BEGIN Supplied data

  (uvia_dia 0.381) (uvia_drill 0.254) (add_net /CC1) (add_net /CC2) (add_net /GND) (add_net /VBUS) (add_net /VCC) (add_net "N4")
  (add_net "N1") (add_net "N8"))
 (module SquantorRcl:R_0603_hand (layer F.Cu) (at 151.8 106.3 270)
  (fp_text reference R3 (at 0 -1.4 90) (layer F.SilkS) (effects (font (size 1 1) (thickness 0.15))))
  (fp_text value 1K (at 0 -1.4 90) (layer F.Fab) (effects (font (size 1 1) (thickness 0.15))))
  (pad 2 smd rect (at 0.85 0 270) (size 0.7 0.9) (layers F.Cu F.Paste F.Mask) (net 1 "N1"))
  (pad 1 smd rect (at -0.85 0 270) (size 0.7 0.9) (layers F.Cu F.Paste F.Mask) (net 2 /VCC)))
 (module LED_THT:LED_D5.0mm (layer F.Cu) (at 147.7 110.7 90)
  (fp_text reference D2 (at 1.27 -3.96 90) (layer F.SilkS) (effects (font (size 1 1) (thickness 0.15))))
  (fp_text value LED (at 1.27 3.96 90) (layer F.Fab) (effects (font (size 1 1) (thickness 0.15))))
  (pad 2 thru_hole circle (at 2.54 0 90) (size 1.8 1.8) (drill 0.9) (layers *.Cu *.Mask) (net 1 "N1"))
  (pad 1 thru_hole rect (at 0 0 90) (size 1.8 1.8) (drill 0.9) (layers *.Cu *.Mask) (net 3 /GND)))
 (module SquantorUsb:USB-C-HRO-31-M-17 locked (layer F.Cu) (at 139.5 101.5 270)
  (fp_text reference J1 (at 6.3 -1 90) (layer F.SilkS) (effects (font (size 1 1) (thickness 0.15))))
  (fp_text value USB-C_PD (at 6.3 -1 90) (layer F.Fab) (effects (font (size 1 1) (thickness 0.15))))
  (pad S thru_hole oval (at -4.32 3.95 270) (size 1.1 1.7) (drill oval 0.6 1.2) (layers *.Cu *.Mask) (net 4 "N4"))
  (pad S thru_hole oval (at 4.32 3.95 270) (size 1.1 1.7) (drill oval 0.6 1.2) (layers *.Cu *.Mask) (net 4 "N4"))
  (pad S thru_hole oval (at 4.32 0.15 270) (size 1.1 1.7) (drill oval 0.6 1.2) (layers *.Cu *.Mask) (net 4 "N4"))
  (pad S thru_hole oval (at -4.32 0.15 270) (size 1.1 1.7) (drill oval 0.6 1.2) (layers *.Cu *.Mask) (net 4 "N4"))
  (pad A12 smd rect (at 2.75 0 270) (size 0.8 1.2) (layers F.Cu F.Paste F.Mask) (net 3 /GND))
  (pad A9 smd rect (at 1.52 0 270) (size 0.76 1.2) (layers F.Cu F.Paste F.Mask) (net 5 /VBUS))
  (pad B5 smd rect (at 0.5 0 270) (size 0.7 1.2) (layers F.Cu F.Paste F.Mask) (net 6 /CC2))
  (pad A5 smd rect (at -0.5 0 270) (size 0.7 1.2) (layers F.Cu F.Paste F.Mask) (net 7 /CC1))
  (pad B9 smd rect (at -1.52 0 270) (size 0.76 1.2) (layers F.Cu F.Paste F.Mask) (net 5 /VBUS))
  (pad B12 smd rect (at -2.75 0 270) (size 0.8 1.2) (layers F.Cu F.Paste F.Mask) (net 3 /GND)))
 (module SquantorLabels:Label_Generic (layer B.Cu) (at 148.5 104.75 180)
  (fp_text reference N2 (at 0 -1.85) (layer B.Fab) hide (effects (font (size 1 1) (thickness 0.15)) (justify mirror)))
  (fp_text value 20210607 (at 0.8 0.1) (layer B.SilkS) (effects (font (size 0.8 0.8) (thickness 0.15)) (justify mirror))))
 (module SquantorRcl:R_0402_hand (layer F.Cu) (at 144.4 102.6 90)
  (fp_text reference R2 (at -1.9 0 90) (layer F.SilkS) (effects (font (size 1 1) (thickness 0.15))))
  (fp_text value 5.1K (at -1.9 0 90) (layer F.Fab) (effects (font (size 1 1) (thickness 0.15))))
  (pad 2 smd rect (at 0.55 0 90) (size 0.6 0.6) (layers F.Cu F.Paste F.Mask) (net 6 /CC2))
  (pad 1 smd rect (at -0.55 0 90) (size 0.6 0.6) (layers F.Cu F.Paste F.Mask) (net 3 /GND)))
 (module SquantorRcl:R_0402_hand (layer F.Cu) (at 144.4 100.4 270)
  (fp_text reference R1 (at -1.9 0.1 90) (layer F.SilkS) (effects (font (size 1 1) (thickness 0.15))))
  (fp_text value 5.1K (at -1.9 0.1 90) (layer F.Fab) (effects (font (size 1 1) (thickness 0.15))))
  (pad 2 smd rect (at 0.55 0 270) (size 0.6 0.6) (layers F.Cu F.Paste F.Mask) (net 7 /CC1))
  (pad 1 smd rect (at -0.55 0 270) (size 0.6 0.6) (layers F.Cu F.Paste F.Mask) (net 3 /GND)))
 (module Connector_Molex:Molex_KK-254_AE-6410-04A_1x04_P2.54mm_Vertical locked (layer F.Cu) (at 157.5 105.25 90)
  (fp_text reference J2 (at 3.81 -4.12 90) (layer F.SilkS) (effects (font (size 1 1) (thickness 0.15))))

END Supplied data

• Requirement
Your task is to quote the lines above, beginning with the first and ending with the one that holds "(fp_text reference R3".

• Task answer
  (uvia_dia 0.381) (uvia_drill 0.254) (add_net /CC1) (add_net /CC2) (add_net /GND) (add_net /VBUS) (add_net /VCC) (add_net "N4")
  (add_net "N1") (add_net "N8"))
 (module SquantorRcl:R_0603_hand (layer F.Cu) (at 151.8 106.3 270)
  (fp_text reference R3 (at 0 -1.4 90) (layer F.SilkS) (effects (font (size 1 1) (thickness 0.15))))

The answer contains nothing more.